Re: nodetool status shows large numbers of up nodes are down

2015-02-10 Thread Cheng Ren
Hi Carlos,
Thanks for your suggestion. We did check the NTP setting and clock, and
they are all working normally. Schema versions are also consistent with
peers'.
BTW, the only change we made was to set some of nodes' request
timeout(read_request_timeout, write_request_timeout, range_request_timeout
and request_timeout) from 3 to 1 for 6 nodes yesterday. Will this
affect internode gossip?

Thanks,
Cheng

On Mon, Feb 9, 2015 at 11:07 PM, Carlos Rolo r...@pythian.com wrote:

 Hi Cheng,

 Are all machines configured with NTP and all clocks in sync? If that is
 not the case do it.

 If your clocks are not in sync it causes some weird issues like the ones
 you see, but also schema disagreements and in some cases corrupted data.

 Regards,

 Regards,

 Carlos Juzarte Rolo
 Cassandra Consultant

 Pythian - Love your data

 rolo@pythian | Twitter: cjrolo | Linkedin: *linkedin.com/in/carlosjuzarterolo
 http://linkedin.com/in/carlosjuzarterolo*
 Tel: 1649
 www.pythian.com

 On Tue, Feb 10, 2015 at 3:40 AM, Cheng Ren cheng@bloomreach.com
 wrote:

 Hi,
 We have a two-dc cluster with 21 nodes and 27 nodes in each DC. Over the
 past few months, we have seen nodetool status marks 4-8 nodes down while
 they are actually functioning.
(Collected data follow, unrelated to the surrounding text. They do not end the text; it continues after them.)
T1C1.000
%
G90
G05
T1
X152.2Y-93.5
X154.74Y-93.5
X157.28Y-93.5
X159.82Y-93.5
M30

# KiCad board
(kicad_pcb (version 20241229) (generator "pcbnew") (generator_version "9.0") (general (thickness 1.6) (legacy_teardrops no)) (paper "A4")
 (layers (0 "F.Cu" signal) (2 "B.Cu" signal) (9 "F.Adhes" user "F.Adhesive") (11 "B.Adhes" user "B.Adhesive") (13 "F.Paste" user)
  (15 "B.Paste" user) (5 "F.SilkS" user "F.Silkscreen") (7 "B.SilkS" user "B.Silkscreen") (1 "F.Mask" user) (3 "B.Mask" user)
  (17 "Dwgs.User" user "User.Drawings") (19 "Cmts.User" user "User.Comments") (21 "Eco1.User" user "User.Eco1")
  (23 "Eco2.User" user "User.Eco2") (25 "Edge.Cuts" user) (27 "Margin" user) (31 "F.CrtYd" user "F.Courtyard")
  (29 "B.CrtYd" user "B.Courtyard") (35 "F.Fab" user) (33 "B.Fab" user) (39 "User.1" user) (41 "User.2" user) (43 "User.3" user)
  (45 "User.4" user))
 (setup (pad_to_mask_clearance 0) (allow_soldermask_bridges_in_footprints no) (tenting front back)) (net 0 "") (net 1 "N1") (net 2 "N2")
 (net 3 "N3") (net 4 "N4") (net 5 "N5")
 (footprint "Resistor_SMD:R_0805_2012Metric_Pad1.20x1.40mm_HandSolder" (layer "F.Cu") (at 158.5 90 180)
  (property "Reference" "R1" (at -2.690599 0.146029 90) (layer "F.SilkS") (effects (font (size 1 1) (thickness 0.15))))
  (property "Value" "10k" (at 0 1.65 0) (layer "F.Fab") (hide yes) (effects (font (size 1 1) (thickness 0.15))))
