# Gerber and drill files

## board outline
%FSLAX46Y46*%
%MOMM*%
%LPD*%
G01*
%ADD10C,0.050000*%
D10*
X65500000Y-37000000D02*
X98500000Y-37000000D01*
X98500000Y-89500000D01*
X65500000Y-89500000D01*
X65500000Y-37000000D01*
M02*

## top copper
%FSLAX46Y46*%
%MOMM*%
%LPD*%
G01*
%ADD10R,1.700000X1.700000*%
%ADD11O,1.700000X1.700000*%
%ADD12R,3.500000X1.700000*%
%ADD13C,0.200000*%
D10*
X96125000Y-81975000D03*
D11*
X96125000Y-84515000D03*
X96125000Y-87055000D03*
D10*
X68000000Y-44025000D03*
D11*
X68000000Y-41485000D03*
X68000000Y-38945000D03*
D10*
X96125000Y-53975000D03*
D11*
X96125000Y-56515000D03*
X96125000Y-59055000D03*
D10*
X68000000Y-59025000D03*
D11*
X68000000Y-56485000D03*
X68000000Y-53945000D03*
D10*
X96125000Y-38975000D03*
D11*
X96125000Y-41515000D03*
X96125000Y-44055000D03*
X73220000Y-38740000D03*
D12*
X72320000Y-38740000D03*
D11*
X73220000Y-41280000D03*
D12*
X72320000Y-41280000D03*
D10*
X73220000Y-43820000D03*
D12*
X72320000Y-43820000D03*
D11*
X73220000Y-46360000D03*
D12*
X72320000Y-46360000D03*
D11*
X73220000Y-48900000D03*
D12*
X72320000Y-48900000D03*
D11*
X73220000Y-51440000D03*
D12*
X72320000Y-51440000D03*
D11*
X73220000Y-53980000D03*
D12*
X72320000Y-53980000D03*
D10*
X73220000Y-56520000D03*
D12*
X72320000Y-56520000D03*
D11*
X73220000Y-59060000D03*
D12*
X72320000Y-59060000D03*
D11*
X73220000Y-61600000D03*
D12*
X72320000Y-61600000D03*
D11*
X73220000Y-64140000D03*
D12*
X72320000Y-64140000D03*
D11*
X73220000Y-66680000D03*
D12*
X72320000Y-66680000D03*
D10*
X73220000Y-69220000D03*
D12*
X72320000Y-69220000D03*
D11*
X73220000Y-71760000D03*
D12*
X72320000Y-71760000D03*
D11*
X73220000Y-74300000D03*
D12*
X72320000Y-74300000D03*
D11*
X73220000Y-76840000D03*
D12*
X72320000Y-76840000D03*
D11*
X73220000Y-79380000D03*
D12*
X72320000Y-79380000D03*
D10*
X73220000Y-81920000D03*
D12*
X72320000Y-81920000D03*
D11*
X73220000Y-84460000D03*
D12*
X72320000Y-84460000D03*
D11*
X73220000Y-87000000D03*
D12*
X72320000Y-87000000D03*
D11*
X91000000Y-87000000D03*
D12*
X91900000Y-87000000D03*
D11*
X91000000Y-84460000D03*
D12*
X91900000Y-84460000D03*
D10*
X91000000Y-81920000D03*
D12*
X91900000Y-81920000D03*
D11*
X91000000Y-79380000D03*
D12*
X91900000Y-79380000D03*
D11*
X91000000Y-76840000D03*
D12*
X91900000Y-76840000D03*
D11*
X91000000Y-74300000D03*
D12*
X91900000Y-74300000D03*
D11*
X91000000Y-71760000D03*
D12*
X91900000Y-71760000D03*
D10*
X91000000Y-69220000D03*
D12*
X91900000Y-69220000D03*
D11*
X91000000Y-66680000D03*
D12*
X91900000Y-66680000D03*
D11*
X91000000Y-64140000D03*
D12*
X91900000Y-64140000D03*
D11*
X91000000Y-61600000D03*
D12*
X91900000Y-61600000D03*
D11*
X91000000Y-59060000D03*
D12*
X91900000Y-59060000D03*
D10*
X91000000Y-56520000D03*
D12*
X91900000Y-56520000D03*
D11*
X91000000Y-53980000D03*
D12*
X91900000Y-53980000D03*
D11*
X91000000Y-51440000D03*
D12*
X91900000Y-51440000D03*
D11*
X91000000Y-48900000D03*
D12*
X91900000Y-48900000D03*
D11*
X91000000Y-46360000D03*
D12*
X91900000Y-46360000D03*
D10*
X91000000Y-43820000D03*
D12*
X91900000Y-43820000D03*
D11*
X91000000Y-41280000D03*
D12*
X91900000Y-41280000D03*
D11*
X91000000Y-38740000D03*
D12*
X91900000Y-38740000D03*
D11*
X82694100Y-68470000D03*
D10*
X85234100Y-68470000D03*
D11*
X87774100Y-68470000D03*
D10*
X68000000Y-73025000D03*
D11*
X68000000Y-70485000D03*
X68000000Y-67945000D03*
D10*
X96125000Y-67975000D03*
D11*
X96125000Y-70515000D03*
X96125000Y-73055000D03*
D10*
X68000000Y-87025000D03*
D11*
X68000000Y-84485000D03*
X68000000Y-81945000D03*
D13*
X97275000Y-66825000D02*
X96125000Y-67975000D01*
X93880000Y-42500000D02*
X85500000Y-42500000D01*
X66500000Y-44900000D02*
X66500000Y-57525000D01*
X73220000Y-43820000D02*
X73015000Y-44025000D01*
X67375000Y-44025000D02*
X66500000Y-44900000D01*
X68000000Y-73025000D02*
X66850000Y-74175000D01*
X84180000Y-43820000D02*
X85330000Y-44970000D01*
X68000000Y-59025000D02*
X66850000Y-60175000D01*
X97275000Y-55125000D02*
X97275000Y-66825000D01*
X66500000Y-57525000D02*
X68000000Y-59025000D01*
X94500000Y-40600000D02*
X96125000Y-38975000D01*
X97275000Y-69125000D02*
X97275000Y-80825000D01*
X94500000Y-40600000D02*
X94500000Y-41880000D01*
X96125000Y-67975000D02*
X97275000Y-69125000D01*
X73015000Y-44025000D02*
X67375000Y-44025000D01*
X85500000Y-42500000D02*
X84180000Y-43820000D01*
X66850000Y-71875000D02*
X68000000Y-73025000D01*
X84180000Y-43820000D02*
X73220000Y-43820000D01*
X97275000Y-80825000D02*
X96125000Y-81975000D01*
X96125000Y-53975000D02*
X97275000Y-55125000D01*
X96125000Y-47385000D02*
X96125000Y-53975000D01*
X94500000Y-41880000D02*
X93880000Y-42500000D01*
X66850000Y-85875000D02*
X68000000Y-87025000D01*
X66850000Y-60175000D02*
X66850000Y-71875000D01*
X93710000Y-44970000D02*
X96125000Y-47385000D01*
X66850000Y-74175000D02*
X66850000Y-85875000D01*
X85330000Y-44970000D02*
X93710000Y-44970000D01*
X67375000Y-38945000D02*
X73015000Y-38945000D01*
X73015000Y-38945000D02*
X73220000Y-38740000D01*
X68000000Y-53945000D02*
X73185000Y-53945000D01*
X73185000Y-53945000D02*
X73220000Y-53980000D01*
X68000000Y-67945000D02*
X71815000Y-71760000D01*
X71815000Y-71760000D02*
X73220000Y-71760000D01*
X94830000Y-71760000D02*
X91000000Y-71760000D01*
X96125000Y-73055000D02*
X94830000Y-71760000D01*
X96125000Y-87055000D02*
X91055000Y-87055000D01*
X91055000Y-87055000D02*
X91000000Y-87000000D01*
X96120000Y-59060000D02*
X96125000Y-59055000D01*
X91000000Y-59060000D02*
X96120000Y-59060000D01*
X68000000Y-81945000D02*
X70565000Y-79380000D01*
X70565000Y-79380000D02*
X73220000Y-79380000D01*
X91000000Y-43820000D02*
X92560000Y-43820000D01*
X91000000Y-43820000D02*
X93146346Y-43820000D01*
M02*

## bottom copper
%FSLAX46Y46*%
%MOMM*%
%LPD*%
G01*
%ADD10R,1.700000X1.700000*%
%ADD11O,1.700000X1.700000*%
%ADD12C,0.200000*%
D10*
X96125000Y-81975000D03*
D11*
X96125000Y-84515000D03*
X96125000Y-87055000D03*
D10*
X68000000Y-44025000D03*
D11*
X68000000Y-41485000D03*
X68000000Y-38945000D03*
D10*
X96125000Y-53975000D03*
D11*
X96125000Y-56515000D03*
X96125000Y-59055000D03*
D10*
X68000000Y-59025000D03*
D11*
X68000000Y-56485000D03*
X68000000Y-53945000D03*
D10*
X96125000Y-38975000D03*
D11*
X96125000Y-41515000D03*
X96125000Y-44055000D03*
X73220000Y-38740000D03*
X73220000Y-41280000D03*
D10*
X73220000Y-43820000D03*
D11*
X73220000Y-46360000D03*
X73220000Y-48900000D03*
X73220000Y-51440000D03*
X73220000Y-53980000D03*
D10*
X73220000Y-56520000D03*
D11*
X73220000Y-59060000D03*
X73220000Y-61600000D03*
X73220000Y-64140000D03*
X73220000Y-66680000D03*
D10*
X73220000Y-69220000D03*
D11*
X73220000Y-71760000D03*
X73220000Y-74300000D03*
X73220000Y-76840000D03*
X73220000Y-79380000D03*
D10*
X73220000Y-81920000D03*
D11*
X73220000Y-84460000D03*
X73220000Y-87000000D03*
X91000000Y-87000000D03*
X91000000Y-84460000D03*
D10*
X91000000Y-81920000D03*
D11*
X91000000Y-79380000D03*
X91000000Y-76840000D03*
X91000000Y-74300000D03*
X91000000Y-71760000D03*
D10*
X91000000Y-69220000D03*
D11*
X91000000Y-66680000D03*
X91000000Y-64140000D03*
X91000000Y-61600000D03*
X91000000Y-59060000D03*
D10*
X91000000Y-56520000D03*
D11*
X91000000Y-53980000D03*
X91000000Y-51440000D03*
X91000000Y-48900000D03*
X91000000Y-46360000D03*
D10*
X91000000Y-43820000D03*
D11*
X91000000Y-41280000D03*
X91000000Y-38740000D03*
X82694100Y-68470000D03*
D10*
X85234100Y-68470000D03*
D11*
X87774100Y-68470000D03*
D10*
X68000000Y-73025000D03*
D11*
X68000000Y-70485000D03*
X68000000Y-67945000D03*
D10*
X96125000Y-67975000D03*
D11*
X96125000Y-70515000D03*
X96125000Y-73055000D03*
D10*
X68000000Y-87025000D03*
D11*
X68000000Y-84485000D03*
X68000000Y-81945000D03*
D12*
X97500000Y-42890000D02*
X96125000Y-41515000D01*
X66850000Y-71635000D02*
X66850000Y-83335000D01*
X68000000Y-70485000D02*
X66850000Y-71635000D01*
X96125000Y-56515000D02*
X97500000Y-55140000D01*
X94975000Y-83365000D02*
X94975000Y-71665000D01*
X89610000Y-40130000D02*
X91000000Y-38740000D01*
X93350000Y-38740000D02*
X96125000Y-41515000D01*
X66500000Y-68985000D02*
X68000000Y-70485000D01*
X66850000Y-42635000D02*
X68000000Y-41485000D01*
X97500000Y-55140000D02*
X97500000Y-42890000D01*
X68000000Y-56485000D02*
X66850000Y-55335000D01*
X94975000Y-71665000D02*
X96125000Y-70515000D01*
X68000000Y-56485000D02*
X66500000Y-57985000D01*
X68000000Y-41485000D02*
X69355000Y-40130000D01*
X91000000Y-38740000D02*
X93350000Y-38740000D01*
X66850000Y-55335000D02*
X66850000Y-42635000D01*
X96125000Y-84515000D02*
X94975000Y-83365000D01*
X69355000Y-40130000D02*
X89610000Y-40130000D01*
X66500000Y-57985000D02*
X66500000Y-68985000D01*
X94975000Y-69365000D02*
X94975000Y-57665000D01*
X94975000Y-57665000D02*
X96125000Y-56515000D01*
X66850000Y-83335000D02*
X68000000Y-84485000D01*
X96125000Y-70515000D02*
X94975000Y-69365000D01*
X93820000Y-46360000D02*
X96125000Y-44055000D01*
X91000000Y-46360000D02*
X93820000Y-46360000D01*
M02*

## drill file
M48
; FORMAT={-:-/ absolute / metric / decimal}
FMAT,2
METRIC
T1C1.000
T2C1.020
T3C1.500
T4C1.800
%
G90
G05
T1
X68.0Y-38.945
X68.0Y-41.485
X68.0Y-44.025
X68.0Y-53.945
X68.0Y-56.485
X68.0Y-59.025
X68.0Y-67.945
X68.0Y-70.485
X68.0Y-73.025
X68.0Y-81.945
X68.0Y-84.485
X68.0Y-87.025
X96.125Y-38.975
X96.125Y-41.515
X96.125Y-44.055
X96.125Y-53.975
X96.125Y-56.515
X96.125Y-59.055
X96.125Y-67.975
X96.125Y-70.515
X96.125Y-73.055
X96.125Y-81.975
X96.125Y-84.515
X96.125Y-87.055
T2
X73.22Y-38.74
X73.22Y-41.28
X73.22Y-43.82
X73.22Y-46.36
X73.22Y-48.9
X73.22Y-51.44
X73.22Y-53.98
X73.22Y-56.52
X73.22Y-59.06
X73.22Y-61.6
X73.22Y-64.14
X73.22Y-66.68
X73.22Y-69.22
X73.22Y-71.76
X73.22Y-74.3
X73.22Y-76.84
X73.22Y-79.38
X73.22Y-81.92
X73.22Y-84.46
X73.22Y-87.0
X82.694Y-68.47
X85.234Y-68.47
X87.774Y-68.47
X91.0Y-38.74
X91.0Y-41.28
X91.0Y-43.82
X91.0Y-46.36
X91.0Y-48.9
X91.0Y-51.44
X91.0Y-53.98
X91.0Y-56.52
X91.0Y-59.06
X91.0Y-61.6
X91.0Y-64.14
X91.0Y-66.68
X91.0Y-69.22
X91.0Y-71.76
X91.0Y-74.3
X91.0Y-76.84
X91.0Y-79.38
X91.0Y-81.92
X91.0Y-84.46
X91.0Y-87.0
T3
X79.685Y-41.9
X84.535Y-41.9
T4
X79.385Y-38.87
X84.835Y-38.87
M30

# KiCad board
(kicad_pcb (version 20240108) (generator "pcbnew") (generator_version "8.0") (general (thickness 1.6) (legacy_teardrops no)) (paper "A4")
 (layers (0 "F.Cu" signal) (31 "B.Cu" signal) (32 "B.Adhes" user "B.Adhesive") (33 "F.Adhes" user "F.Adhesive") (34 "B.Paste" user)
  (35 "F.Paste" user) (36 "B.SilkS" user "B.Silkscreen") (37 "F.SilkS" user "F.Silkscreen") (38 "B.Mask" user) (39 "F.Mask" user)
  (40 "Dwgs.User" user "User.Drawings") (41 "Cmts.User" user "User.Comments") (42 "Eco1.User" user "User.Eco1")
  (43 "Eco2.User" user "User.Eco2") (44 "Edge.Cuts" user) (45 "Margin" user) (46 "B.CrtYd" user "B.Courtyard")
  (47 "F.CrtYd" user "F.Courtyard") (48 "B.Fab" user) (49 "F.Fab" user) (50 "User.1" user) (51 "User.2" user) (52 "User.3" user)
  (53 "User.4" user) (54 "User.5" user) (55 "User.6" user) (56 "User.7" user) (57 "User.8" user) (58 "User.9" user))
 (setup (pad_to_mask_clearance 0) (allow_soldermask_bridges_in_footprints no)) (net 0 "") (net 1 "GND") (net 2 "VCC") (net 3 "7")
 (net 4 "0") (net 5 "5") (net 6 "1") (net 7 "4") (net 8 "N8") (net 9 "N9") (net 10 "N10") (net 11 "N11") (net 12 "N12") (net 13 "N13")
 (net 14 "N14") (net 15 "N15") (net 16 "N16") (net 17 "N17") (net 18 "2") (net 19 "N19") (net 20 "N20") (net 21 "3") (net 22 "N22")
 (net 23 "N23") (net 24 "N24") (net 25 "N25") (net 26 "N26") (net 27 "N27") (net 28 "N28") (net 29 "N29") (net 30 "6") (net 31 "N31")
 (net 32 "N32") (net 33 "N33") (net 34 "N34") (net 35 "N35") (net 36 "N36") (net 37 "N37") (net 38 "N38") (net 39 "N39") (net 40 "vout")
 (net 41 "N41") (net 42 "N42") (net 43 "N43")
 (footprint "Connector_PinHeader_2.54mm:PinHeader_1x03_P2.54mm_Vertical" (layer "F.Cu") (at 96.125 81.975)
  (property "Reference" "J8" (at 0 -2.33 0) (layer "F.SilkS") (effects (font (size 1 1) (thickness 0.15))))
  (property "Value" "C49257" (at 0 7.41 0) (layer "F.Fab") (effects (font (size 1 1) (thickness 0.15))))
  (pad "1" thru_hole rect (at 0 0) (size 1.7 1.7) (drill 1) (layers "*.Cu" "*.Mask") (remove_unused_layers no) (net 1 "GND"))
  (pad "2" thru_hole oval (at 0 2.54) (size 1.7 1.7) (drill 1) (layers "*.Cu" "*.Mask") (remove_unused_layers no) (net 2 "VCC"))
  (pad "3" thru_hole oval (at 0 5.08) (size 1.7 1.7) (drill 1) (layers "*.Cu" "*.Mask") (remove_unused_layers no) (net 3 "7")))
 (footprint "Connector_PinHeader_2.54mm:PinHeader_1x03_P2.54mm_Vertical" (layer "F.Cu") (at 68 44.025 180)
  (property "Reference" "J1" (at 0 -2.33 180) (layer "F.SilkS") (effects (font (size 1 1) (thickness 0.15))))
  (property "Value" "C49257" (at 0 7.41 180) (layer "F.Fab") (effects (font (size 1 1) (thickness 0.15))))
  (pad "1" thru_hole rect (at 0 0 180) (size 1.7 1.7) (drill 1) (layers "*.Cu" "*.Mask") (remove_unused_layers no) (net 1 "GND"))
  (pad "2" thru_hole oval (at 0 2.54 180) (size 1.7 1.7) (drill 1) (layers "*.Cu" "*.Mask") (remove_unused_layers no) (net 2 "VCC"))
  (pad "3" thru_hole oval (at 0 5.08 180) (size 1.7 1.7) (drill 1) (layers "*.Cu" "*.Mask") (remove_unused_layers no) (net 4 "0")))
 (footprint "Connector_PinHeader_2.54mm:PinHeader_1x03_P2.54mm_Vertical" (layer "F.Cu") (at 96.125 53.975)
Particularly today we noticed that running
 nodetool status on some nodes shows higher number of nodes are down than
 before while they are actually up and serving requests.
 For example, on one node it shows 42 nodes are down.

 phi_convict_threshold of all nodes are set as 12, and we are running
 cassandra 2.0.4 on AWS EC2 machines.

 Does anyone have recommendation on identifying the root cause of this?
 Will this cause any consequences?

 Thanks,
 Cheng



 --






Re: nodetool status shows large numbers of up nodes are down

2015-02-10 Thread Chris Lohfink
Are you hitting long GCs on your nodes? Can check gc log or look at
cassandra log for GCInspector.

Chris

On Tue, Feb 10, 2015 at 1:28 PM, Cheng Ren cheng@bloomreach.com wrote:

 Hi Carlos,
 Thanks for your suggestion. We did check the NTP setting and clock, and
 they are all working normally. Schema versions are also consistent with
 peers'.
 BTW, the only change we made was to set some of nodes' request
 timeout(read_request_timeout, write_request_timeout, range_request_timeout
 and request_timeout) from 3 to 1 for 6 nodes yesterday. Will this
 affect internode gossip?

 Thanks,
 Cheng

 On Mon, Feb 9, 2015 at 11:07 PM, Carlos Rolo r...@pythian.com wrote:

 Hi Cheng,

 Are all machines configured with NTP and all clocks in sync? If that is
 not the case do it.

 If your clocks are not in sync it causes some weird issues like the ones
 you see, but also schema disagreements and in some cases corrupted data.

 Regards,

 Regards,

 Carlos Juzarte Rolo
 Cassandra Consultant

 Pythian - Love your data

 rolo@pythian | Twitter: cjrolo | Linkedin: *linkedin.com/in/carlosjuzarterolo
 http://linkedin.com/in/carlosjuzarterolo*
 Tel: 1649
 www.pythian.com

 On Tue, Feb 10, 2015 at 3:40 AM, Cheng Ren cheng@bloomreach.com
 wrote:

 Hi,
 We have a two-dc cluster with 21 nodes and 27 nodes in each DC. Over the
 past few months, we have seen nodetool status marks 4-8 nodes down while
 they are actually functioning. Particularly today we noticed that running
 nodetool status on some nodes shows higher number of nodes are down than
 before while they are actually up and serving requests.
 For example, on one node it shows 42 nodes are down.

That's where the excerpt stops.